1. "Size doesn't matter." Trust me, it does. The term "it's not the size that counts but how you use it" was most likely coined by a man who was probably ashamed of his very small parts. Gentleman...yes, size matters. Be logical.

2. "I LOVE your mom"! Odds are, we don't. We can sense that she will never think we are good enough for you, and we can also sense that we'll never quite measure up to her in your eyes. We may like her, but we have a sense that she's constantly "judging".

3. "You're the best I've ever had!" Strictly speaking in regards to actual number of orgasms, you may not be ranked numero uno. But who counts anyway?

4. "I've only slept with ______ amount of people." Add a few numbers to that list. Then, if we really love you, you should add a few more.

5. "Oh I've never done that!" Odds are we have done it at least once, or we've thought about doing it.

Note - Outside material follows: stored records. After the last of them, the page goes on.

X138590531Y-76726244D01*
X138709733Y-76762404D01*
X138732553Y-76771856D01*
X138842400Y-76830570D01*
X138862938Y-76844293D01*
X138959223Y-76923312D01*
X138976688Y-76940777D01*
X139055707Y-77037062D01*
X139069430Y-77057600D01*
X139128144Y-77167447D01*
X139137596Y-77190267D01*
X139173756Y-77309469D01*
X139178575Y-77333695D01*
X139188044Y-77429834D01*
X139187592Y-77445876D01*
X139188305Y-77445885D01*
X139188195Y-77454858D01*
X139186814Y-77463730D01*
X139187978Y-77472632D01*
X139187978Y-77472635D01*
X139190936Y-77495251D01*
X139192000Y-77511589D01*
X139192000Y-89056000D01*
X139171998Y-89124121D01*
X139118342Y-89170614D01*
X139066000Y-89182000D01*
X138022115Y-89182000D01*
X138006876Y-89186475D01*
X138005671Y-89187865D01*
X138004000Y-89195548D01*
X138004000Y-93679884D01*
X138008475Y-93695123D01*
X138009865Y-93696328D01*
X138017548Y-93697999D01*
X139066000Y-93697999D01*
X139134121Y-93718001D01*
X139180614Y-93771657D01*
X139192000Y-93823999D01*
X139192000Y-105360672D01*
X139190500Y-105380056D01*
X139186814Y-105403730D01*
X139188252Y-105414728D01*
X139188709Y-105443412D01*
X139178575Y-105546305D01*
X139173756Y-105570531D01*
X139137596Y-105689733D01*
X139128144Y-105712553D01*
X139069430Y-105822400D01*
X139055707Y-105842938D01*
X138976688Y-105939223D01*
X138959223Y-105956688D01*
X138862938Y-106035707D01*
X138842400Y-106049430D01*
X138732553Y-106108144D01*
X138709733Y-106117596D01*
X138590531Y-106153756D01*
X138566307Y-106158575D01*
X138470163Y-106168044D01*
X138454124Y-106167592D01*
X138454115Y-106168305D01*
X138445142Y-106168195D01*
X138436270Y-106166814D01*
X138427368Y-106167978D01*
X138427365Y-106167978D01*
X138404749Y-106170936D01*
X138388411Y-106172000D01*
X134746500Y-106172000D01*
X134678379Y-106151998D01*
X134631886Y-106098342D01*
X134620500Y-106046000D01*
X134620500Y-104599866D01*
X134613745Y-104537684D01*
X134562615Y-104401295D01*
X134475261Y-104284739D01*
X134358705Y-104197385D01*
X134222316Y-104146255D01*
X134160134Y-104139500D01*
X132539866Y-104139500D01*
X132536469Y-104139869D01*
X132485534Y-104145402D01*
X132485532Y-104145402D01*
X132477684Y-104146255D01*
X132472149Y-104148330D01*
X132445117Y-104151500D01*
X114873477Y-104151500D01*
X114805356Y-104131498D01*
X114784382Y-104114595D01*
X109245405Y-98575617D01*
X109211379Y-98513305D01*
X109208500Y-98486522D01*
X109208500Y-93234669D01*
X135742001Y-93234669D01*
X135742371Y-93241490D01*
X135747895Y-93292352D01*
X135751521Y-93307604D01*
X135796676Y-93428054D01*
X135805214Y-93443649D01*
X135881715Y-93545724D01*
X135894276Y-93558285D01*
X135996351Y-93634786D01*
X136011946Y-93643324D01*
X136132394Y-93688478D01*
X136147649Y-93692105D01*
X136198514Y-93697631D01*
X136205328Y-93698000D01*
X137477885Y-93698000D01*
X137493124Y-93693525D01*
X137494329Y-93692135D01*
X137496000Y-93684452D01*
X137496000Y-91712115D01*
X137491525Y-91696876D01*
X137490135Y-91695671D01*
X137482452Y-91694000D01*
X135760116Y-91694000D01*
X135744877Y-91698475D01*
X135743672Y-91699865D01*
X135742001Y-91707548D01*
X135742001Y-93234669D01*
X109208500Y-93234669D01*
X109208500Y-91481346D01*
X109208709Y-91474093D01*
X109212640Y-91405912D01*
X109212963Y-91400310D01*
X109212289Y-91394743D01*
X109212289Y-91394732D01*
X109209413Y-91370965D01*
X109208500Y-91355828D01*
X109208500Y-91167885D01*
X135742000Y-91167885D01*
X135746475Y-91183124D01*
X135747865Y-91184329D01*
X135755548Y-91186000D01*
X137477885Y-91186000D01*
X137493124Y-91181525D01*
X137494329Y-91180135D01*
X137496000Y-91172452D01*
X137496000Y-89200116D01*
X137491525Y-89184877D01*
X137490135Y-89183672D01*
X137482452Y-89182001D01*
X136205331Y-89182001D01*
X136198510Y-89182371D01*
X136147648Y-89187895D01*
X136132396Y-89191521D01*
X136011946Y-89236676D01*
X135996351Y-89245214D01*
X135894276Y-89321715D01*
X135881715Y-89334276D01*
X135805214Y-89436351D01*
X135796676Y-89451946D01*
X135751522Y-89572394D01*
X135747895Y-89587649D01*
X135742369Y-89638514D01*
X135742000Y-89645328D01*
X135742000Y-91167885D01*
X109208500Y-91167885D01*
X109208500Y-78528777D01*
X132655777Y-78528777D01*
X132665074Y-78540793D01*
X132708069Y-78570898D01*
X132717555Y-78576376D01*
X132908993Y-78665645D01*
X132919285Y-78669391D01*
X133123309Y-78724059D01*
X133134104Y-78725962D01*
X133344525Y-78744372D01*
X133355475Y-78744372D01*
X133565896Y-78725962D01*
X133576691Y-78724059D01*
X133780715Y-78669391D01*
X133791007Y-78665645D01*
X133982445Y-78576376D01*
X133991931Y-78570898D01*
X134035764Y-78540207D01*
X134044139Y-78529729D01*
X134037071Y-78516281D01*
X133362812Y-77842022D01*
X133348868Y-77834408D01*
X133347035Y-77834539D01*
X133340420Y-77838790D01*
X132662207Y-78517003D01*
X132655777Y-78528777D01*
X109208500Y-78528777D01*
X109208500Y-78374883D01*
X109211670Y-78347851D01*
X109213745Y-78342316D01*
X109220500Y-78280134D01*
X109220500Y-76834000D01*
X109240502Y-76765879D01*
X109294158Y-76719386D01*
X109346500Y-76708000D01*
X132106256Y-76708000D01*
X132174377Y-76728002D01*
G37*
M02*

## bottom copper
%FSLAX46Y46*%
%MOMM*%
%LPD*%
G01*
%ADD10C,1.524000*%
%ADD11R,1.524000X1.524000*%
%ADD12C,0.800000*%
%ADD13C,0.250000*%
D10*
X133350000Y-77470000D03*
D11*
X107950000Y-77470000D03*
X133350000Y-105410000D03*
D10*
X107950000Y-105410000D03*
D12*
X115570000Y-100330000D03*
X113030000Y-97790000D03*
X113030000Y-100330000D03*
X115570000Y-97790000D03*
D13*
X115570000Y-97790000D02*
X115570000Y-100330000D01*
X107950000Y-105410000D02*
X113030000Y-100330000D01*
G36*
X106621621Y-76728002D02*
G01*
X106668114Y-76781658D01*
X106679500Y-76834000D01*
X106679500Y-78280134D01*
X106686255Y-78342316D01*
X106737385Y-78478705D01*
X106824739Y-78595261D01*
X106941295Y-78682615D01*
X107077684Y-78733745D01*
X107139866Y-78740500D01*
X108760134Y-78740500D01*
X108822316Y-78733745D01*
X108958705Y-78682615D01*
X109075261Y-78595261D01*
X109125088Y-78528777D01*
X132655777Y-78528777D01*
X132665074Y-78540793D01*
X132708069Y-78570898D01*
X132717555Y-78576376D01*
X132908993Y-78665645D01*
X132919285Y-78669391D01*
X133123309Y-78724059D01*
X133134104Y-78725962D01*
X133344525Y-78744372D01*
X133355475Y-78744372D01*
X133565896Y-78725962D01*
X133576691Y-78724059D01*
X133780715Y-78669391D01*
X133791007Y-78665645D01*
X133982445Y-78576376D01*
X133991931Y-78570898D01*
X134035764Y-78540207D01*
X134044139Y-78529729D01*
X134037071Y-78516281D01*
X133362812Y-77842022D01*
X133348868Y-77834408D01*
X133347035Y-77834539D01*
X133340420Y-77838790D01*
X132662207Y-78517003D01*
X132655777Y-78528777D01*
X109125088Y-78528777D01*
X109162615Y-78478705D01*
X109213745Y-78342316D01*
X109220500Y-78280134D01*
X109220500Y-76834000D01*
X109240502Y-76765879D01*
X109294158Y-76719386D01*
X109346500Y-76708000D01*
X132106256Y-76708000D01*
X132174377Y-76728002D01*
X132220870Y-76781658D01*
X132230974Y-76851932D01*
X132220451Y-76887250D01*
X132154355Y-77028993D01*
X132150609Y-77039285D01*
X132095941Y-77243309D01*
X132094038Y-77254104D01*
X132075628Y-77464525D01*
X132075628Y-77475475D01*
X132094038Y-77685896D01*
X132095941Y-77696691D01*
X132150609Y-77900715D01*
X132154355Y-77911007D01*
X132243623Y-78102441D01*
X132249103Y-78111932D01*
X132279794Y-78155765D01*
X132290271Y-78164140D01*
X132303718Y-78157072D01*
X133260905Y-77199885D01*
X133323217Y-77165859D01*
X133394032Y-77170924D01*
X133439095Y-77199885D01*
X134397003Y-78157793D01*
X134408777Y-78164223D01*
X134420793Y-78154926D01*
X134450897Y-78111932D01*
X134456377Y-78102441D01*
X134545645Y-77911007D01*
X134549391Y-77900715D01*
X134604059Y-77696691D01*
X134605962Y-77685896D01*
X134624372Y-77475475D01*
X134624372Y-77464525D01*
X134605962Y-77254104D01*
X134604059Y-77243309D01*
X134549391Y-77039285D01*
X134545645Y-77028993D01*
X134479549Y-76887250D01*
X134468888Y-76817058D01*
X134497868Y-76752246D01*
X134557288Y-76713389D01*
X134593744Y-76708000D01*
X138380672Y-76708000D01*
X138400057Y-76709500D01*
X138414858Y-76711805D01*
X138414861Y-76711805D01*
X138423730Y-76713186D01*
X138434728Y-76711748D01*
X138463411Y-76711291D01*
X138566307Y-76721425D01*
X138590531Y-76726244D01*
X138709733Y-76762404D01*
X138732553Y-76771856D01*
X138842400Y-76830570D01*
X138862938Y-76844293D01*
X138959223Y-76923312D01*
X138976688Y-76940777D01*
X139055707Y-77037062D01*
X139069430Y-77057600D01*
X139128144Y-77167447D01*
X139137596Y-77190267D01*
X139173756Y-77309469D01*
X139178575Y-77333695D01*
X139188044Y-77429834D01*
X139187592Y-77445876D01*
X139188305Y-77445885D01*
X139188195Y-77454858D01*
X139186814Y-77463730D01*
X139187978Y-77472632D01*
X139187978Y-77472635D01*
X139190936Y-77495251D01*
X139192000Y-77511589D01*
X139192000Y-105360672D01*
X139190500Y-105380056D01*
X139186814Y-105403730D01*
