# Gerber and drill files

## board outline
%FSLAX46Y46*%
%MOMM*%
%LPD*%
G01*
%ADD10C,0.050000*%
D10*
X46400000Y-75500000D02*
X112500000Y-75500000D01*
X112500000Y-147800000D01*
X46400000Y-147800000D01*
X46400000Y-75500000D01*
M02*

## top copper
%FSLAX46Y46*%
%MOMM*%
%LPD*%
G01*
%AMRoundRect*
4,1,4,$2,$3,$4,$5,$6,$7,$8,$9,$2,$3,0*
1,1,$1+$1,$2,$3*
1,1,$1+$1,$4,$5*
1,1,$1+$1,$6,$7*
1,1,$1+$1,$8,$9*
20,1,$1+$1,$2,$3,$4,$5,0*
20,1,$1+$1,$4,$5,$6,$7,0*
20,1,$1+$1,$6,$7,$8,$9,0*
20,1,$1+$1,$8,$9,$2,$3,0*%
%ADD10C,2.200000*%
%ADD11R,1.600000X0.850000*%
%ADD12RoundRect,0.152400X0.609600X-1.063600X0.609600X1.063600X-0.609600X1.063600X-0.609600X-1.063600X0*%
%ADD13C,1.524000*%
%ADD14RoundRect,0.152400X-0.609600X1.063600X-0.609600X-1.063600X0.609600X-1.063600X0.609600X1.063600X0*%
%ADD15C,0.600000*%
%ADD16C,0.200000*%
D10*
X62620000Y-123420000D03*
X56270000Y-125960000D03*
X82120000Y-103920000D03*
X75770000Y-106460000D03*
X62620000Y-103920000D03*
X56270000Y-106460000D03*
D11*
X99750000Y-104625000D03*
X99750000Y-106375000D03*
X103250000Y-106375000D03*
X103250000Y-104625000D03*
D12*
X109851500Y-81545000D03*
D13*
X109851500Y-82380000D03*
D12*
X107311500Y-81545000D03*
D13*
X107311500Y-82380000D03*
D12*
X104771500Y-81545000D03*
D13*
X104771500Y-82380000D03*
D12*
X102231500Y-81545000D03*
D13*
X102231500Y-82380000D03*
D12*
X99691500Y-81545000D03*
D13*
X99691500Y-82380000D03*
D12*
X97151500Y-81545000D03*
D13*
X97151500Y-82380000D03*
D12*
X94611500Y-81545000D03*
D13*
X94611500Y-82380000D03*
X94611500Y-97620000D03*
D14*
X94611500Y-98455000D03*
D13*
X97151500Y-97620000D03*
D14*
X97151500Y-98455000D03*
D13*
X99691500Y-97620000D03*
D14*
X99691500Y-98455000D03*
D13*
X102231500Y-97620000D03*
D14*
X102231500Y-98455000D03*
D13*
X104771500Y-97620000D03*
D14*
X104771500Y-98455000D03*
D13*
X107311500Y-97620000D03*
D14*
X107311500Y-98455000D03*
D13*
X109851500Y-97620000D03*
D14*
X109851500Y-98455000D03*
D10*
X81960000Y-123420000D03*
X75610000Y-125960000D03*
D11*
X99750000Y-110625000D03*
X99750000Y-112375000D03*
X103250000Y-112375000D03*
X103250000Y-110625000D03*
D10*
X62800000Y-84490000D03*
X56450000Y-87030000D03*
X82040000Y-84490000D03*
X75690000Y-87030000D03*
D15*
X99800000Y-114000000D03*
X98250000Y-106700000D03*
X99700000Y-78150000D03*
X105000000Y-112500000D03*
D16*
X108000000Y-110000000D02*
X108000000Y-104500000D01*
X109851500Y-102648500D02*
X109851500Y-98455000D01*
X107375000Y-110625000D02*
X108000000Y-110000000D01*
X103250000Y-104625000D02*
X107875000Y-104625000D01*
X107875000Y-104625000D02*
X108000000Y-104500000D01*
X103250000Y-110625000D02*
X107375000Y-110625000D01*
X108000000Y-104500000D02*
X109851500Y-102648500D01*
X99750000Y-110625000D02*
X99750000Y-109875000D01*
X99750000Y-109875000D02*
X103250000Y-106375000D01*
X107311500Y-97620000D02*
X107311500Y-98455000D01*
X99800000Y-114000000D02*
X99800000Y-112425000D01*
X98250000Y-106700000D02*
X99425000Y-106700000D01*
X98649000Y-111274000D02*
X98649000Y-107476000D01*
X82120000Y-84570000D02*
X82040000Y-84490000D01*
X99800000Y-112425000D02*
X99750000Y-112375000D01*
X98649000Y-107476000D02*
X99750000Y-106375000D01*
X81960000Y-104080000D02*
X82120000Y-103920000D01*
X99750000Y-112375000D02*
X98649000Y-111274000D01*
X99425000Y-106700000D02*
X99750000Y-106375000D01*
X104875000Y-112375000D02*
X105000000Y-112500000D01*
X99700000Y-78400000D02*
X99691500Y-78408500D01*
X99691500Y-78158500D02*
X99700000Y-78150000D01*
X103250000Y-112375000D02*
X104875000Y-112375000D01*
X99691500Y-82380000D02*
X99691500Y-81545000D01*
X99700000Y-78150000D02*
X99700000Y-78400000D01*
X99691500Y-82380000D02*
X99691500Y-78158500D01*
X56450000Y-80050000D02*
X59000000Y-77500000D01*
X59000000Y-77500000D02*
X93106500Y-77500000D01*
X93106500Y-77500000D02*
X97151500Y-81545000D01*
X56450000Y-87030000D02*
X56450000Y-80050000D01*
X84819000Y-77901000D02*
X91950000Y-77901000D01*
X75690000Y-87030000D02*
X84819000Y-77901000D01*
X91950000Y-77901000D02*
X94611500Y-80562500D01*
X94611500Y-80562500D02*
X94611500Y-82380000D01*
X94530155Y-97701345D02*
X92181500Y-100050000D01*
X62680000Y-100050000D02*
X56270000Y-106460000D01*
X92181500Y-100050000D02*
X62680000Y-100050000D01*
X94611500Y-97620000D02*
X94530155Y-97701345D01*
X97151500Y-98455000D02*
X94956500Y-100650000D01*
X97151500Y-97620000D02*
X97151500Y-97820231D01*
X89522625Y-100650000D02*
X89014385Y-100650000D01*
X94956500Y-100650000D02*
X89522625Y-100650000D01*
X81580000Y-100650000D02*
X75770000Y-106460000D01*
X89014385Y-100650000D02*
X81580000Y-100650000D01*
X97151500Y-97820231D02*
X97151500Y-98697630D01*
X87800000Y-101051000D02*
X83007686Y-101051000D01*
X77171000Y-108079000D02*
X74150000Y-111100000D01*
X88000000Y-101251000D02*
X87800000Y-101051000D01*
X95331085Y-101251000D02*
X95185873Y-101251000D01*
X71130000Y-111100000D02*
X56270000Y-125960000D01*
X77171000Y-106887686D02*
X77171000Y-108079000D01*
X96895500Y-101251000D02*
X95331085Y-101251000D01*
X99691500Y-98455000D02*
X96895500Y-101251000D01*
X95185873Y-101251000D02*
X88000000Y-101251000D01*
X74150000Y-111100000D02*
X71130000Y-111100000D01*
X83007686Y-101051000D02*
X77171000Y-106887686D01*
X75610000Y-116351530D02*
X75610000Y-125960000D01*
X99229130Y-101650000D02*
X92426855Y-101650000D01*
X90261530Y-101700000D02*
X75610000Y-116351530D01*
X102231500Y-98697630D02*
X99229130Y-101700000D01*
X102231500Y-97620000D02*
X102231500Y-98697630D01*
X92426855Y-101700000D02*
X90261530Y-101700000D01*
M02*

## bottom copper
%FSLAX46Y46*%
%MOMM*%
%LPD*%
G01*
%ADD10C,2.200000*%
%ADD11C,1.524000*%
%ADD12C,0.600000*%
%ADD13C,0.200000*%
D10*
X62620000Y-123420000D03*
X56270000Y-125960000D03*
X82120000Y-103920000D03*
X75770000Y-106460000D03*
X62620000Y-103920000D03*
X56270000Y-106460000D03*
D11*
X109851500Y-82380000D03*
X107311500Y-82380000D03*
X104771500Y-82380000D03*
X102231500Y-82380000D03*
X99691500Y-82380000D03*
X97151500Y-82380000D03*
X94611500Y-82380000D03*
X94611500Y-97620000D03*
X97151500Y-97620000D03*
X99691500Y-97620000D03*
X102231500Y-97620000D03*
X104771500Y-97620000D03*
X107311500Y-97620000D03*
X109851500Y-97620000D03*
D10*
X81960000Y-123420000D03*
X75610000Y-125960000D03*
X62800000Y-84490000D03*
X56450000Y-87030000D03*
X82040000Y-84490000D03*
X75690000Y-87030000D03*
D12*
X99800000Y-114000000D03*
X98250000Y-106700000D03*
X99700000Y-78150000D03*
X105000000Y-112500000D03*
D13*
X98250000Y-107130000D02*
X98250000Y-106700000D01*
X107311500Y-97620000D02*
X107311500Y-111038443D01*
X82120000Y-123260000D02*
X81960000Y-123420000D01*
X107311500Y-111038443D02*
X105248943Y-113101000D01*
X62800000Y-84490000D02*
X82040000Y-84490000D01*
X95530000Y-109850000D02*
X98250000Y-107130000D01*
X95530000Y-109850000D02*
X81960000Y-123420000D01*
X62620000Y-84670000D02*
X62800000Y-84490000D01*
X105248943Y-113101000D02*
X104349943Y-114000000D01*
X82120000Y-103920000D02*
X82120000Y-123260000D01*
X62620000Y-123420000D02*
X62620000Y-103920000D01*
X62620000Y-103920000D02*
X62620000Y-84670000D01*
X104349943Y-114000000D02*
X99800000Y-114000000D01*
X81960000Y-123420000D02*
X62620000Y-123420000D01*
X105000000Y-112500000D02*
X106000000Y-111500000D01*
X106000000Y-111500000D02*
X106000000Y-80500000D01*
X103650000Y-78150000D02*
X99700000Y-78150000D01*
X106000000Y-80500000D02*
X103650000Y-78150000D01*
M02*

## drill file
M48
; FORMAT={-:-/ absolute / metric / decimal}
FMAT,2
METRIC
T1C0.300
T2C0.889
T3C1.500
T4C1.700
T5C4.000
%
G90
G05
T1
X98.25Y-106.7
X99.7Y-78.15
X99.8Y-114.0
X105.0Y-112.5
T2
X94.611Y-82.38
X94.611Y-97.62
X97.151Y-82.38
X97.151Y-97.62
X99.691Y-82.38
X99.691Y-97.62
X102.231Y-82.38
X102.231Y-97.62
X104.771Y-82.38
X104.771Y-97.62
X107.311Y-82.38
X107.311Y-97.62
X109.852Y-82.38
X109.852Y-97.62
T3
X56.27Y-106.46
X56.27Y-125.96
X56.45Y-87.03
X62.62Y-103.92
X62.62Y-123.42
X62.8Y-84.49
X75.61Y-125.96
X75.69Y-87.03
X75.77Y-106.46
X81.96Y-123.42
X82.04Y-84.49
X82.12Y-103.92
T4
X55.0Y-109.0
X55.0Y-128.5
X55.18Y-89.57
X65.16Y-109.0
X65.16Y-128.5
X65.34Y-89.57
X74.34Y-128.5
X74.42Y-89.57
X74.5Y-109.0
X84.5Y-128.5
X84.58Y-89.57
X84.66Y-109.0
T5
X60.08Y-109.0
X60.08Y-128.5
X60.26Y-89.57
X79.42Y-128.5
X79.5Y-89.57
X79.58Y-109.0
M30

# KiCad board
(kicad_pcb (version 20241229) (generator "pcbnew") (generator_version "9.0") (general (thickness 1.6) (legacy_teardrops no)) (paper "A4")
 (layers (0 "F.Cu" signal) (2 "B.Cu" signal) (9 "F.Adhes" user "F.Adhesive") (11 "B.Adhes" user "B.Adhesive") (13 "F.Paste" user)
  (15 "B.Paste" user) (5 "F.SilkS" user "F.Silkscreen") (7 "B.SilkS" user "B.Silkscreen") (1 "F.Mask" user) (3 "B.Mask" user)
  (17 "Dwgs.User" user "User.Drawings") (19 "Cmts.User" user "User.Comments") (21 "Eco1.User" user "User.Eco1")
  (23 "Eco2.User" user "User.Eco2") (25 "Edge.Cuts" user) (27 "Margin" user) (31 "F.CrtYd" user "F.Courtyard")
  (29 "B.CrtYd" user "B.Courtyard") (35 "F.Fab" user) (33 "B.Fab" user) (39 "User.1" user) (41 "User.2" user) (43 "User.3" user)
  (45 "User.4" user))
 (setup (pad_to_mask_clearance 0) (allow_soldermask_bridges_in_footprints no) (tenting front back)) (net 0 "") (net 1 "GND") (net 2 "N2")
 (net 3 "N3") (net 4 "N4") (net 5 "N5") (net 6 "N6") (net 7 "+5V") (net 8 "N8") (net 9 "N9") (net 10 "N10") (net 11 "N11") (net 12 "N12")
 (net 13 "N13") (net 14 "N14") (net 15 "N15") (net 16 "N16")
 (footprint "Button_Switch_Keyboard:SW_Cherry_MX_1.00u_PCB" (layer "F.Cu") (at 62.62 123.42)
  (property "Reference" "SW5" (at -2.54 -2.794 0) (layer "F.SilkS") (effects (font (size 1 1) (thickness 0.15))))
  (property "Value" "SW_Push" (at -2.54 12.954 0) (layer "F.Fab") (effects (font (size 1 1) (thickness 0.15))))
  (pad "" np_thru_hole circle (at -7.62 5.08) (size 1.7 1.7) (drill 1.7) (layers "*.Cu" "*.Mask"))
  (pad "" np_thru_hole circle (at -2.54 5.08) (size 4 4) (drill 4) (layers "*.Cu" "*.Mask"))
  (pad "" np_thru_hole circle (at 2.54 5.08) (size 1.7 1.7) (drill 1.7) (layers "*.Cu" "*.Mask"))
  (pad "1" thru_hole circle (at 0 0) (size 2.2 2.2) (drill 1.5) (layers "*.Cu" "*.Mask") (remove_unused_layers no) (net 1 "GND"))
  (pad "2" thru_hole circle (at -6.35 2.54) (size 2.2 2.2) (drill 1.5) (layers "*.Cu" "*.Mask") (remove_unused_layers no) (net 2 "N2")))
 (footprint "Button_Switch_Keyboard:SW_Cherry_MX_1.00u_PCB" (layer "F.Cu") (at 82.12 103.92)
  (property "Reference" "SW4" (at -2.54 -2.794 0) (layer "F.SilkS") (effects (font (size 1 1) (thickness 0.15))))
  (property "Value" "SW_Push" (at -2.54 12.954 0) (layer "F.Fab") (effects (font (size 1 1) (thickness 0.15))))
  (pad "" np_thru_hole circle (at -7.62 5.08) (size 1.7 1.7) (drill 1.7) (layers "*.Cu" "*.Mask"))
  (pad "" np_thru_hole circle (at -2.54 5.08) (size 4 4) (drill 4) (layers "*.Cu" "*.Mask"))
  (pad "" np_thru_hole circle (at 2.54 5.08) (size 1.7 1.7) (drill 1.7) (layers "*.Cu" "*.Mask"))
  (pad "1" thru_hole circle (at 0 0) (size 2.2 2.2) (drill 1.5) (layers "*.Cu" "*.Mask") (remove_unused_layers no) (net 1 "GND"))
  (pad "2" thru_hole circle (at -6.35 2.54) (size 2.2 2.2) (drill 1.5) (layers "*.Cu" "*.Mask") (remove_unused_layers no) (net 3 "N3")))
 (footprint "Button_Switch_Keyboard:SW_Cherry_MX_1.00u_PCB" (layer "F.Cu") (at 62.62 103.92)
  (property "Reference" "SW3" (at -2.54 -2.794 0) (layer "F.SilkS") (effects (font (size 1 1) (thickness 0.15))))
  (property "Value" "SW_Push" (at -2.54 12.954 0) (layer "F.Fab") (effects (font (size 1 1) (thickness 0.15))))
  (pad "" np_thru_hole circle (at -7.62 5.08) (size 1.7 1.7) (drill 1.7) (layers "*.Cu" "*.Mask"))
  (pad "" np_thru_hole circle (at -2.54 5.08) (size 4 4) (drill 4) (layers "*.Cu" "*.Mask"))
  (pad "" np_thru_hole circle (at 2.54 5.08) (size 1.7 1.7) (drill 1.7) (layers "*.Cu" "*.Mask"))
  (pad "1" thru_hole circle (at 0 0) (size 2.2 2.2) (drill 1.5) (layers "*.Cu" "*.Mask") (remove_unused_layers no) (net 1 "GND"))
  (pad "2" thru_hole circle (at -6.35 2.54) (size 2.2 2.2) (drill 1.5) (layers "*.Cu" "*.Mask") (remove_unused_layers no) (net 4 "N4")))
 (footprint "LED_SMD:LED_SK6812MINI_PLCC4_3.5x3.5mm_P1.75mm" (layer "F.Cu") (at 101.5 105.5)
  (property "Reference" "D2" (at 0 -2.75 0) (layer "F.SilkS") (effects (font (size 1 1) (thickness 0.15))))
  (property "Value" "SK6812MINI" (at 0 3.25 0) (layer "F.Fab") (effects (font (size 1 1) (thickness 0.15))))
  (pad "1" smd rect (at -1.75 -0.875) (size 1.6 0.85) (layers "F.Cu" "F.Mask" "F.Paste") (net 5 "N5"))
  (pad "2" smd rect (at -1.75 0.875) (size 1.6 0.85) (layers "F.Cu" "F.Mask" "F.Paste") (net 1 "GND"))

6. "I've never felt this way about anybody before"... We have. We've probably said that to each guy we've ever "fell" for. Everything feels the same in the beginning of a relationship.

7. "I've never (kissed, done this, gone home with) a stranger before!" Sure we have, we just don't want you to think we're a slut.

8. "I'm not looking for a relationship". We are. We either don't think you are good enough, or we think you don't want one and we don't want to appear needy.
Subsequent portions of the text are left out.